La verdad es que, en realidad, cualquier daño que pudiéramos sufrir por parte de una máquina superinteligente no sería resultado de la malevolencia ni de ninguna otra motivación de tipo humano, sino que se podría deber al simple hecho de que nuestra ausencia es un óptimo para el logro de sus fines.

En su libro, Bostrom ilustra este aspecto citando palabras de Eliezer Yudkowsky, teórico especializado en temas de seguridad de la IA: “La inteligencia artificial no te odia ni te ama; pero estás hecho de átomos que puede utilizar para otra cosa”; por ejemplo, clips de metal.

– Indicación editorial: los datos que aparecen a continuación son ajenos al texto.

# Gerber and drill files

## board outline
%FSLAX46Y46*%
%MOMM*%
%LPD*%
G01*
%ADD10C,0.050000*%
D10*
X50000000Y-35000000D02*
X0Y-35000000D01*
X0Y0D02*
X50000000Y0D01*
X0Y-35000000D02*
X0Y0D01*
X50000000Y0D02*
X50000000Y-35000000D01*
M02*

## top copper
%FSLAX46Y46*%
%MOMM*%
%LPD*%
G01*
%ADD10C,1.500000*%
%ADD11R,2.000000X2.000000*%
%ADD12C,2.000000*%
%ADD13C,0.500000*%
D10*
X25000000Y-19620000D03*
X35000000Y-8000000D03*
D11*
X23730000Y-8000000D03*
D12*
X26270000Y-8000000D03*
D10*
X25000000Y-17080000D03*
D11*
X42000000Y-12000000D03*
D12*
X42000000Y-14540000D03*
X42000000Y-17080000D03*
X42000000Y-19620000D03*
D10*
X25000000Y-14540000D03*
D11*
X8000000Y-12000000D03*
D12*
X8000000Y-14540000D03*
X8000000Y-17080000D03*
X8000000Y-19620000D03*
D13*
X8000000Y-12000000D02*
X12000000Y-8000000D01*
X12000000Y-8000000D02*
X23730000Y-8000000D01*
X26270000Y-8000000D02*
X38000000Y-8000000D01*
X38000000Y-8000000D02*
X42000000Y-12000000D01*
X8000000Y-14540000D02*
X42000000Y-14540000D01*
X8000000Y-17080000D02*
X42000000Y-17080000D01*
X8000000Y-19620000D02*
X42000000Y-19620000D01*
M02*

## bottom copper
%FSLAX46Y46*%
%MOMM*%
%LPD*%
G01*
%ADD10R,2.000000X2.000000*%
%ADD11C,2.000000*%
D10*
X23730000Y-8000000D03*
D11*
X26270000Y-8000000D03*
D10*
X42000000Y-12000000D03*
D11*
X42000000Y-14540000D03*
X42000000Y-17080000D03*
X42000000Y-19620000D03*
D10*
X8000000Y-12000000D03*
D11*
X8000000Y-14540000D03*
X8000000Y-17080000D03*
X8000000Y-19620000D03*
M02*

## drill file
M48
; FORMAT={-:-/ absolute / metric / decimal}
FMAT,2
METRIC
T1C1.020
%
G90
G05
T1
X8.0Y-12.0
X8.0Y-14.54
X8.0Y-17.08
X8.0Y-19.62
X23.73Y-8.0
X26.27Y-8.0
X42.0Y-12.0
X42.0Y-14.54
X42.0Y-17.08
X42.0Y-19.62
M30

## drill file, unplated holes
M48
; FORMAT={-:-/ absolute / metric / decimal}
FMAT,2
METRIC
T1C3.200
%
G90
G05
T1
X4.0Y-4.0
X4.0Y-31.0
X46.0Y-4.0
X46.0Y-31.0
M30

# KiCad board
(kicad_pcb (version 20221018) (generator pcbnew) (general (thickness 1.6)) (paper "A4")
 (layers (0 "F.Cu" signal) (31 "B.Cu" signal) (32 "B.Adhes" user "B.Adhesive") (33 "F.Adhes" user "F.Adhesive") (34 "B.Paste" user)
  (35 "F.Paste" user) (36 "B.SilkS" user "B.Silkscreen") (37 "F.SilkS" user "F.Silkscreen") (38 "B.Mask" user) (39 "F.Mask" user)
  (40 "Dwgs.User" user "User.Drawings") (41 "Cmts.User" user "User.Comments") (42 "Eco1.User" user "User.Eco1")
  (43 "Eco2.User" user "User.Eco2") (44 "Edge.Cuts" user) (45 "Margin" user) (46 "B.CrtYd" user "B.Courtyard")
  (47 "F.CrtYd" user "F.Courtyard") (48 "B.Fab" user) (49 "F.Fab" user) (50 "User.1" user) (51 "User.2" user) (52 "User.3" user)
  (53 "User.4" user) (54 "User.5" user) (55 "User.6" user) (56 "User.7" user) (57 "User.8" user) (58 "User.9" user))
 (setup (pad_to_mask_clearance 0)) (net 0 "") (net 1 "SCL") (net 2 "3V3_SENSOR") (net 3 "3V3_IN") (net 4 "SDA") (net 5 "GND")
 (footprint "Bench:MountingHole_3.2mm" (layer "F.Cu") (at 4 31)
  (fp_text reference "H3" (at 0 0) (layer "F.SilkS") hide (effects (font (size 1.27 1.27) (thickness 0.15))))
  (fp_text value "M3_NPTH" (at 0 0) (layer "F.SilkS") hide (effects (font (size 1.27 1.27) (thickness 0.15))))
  (pad "" np_thru_hole circle (at 0 0) (size 3.2 3.2) (drill 3.2) (layers "F&B.Cu" "*.Mask")))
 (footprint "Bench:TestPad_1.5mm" (layer "F.Cu") (at 25 19.62)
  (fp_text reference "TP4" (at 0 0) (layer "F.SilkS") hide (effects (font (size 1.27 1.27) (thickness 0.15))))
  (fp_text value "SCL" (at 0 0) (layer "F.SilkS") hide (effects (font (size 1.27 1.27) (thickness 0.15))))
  (pad "1" smd circle (at 0 0) (size 1.5 1.5) (layers "F.Cu" "F.Mask") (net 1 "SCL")))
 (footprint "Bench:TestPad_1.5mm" (layer "F.Cu") (at 35 8)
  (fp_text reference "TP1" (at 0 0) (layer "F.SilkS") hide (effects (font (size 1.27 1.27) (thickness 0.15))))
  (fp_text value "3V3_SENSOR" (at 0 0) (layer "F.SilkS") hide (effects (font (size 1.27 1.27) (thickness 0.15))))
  (pad "1" smd circle (at 0 0) (size 1.5 1.5) (layers "F.Cu" "F.Mask") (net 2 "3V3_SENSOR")))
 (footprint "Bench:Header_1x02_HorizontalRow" (layer "F.Cu") (at 23.73 8)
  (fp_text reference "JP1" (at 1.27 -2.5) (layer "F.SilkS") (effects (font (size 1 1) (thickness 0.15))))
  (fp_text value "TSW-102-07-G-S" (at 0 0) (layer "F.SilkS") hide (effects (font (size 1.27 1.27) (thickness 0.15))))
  (pad "1" thru_hole rect (at 0 0) (size 2 2) (drill 1.02) (layers "F&B.Cu" "*.Mask") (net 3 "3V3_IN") (thermal_bridge_angle 45))
  (pad "2" thru_hole circle (at 2.54 0) (size 2 2) (drill 1.02) (layers "F&B.Cu" "*.Mask") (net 2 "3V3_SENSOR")))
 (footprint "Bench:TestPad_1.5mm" (layer "F.Cu") (at 25 17.08)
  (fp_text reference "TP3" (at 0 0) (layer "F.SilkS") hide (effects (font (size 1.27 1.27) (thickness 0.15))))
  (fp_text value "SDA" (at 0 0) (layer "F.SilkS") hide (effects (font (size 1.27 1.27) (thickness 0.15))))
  (pad "1" smd circle (at 0 0) (size 1.5 1.5) (layers "F.Cu" "F.Mask") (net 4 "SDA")))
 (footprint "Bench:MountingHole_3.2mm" (layer "F.Cu") (at 46 4)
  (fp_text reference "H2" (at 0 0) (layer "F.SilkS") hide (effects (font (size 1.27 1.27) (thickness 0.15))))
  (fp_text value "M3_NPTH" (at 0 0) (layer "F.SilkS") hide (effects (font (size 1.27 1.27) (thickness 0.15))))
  (pad "" np_thru_hole circle (at 0 0) (size 3.2 3.2) (drill 3.2) (layers "F&B.Cu" "*.Mask")))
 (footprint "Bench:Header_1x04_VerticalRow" (layer "F.Cu") (at 42 12)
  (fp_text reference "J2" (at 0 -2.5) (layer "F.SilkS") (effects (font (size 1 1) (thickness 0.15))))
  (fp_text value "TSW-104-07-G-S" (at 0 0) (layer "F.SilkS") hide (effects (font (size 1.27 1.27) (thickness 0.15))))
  (pad "1" thru_hole rect (at 0 0) (size 2 2) (drill 1.02) (layers "F&B.Cu" "*.Mask") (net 2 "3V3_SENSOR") (thermal_bridge_angle 45))
  (pad "2" thru_hole circle (at 0 2.54) (size 2 2) (drill 1.02) (layers "F&B.Cu" "*.Mask") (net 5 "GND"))
  (pad "3" thru_hole circle (at 0 5.08) (size 2 2) (drill 1.02) (layers "F&B.Cu" "*.Mask") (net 4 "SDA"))
  (pad "4" thru_hole circle (at 0 7.62) (size 2 2) (drill 1.02) (layers "F&B.Cu" "*.Mask") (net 1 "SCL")))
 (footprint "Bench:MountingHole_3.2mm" (layer "F.Cu") (at 4 4)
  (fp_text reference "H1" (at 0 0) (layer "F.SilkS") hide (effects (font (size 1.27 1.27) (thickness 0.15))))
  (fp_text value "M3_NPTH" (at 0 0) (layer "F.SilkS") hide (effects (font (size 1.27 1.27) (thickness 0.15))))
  (pad "" np_thru_hole circle (at 0 0) (size 3.2 3.2) (drill 3.2) (layers "F&B.Cu" "*.Mask")))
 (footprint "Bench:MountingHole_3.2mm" (layer "F.Cu") (at 46 31)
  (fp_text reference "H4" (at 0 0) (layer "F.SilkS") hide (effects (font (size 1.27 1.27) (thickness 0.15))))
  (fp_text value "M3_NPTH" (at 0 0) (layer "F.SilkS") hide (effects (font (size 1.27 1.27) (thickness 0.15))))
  (pad "" np_thru_hole circle (at 0 0) (size 3.2 3.2) (drill 3.2) (layers "F&B.Cu" "*.Mask")))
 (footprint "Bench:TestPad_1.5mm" (layer "F.Cu") (at 25 14.54)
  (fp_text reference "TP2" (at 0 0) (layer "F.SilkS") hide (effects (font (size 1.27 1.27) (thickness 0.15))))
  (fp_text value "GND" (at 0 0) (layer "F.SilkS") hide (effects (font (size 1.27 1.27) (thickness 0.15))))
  (pad "1" smd circle (at 0 0) (size 1.5 1.5) (layers "F.Cu" "F.Mask") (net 5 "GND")))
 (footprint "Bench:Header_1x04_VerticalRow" (layer "F.Cu") (at 8 12)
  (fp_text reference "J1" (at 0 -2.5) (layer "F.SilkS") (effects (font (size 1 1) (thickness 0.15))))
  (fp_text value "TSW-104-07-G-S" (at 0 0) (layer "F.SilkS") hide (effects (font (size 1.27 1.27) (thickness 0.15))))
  (pad "1" thru_hole rect (at 0 0) (size 2 2) (drill 1.02) (layers "F&B.Cu" "*.Mask") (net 3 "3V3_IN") (thermal_bridge_angle 45))
  (pad "2" thru_hole circle (at 0 2.54) (size 2 2) (drill 1.02) (layers "F&B.Cu" "*.Mask") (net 5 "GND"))
  (pad "3" thru_hole circle (at 0 5.08) (size 2 2) (drill 1.02) (layers "F&B.Cu" "*.Mask") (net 4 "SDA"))
  (pad "4" thru_hole circle (at 0 7.62) (size 2 2) (drill 1.02) (layers "F&B.Cu" "*.Mask") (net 1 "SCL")))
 (gr_line (start 50 35) (end 0 35) (stroke (width 0.05) (type default)) (layer "Edge.Cuts"))
 (gr_line (start 0 0) (end 50 0) (stroke (width 0.05) (type default)) (layer "Edge.Cuts"))
 (gr_line (start 0 35) (end 0 0) (stroke (width 0.05) (type default)) (layer "Edge.Cuts"))
 (gr_line (start 50 0) (end 50 35) (stroke (width 0.05) (type default)) (layer "Edge.Cuts"))
 (segment (start 8 12) (end 12 8) (width 0.5) (layer "F.Cu") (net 3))
 (segment (start 12 8) (end 23.73 8) (width 0.5) (layer "F.Cu") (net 3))
 (segment (start 26.27 8) (end 38 8) (width 0.5) (layer "F.Cu") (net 2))
 (segment (start 38 8) (end 42 12) (width 0.5) (layer "F.Cu") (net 2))
 (segment (start 8 14.54) (end 42 14.54) (width 0.5) (layer "F.Cu") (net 5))
 (segment (start 8 17.08) (end 42 17.08) (width 0.5) (layer "F.Cu") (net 4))
 (segment (start 8 19.62) (end 42 19.62) (width 0.5) (layer "F.Cu") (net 1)))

Otra forma de pensar el problema es imaginando a un pianista interpretando una pieza de Bach. Al escuchar la música nadie piensa en los árboles talados, los elefantes sacrificados, los seres humanos esclavizados y asesinados en pos de los beneficios de los traficantes de marfil; en toda la destrucción que llevó a esa ejecución de la pieza de Bach. “Ni el pianista ni el fabricante del piano tenían una animosidad personal hacia los árboles, los elefantes ni los hombres y mujeres esclavizados; pero todos ellos estaban hechos de átomos que podían utilizarse para fines concretos; para ganar dinero, para tocar música. Lo que significa que, después de todo, esa máquina que tanto terror causa en ciertos círculos racionalistas no es tan diferente de nosotros”; afirma Mark O’Connell en “Cómo ser una máquina. Aventuras entre ciborgs, utopistas, hackers y futuristas intentando resolver el pequeño inconveniente de la muerte”.

No lo sabemos, pero nos vamos acercando -cada día más- a un punto de equilibrio cada vez más inestable. Activar una IA súper inteligente bien podría ser lo último que hagamos. Es sorprendente que existan tan pocos científicos e investigadores que señalan el peligro que representa seguir desarrollando modelos de cajas negras cada vez más potentes; con capacidades emergentes mayores; y que nos podrían guiar hacia resultados impredecibles e incontrolables.

¿Cómo podríamos protegernos si el resultado implicara un peligro de extinción? ¿Nos llegaremos a dar cuenta del error instantes antes de extinguirnos? Quizás debamos pensarlo antes de ser convertidos en clips sujetapapeles de metal.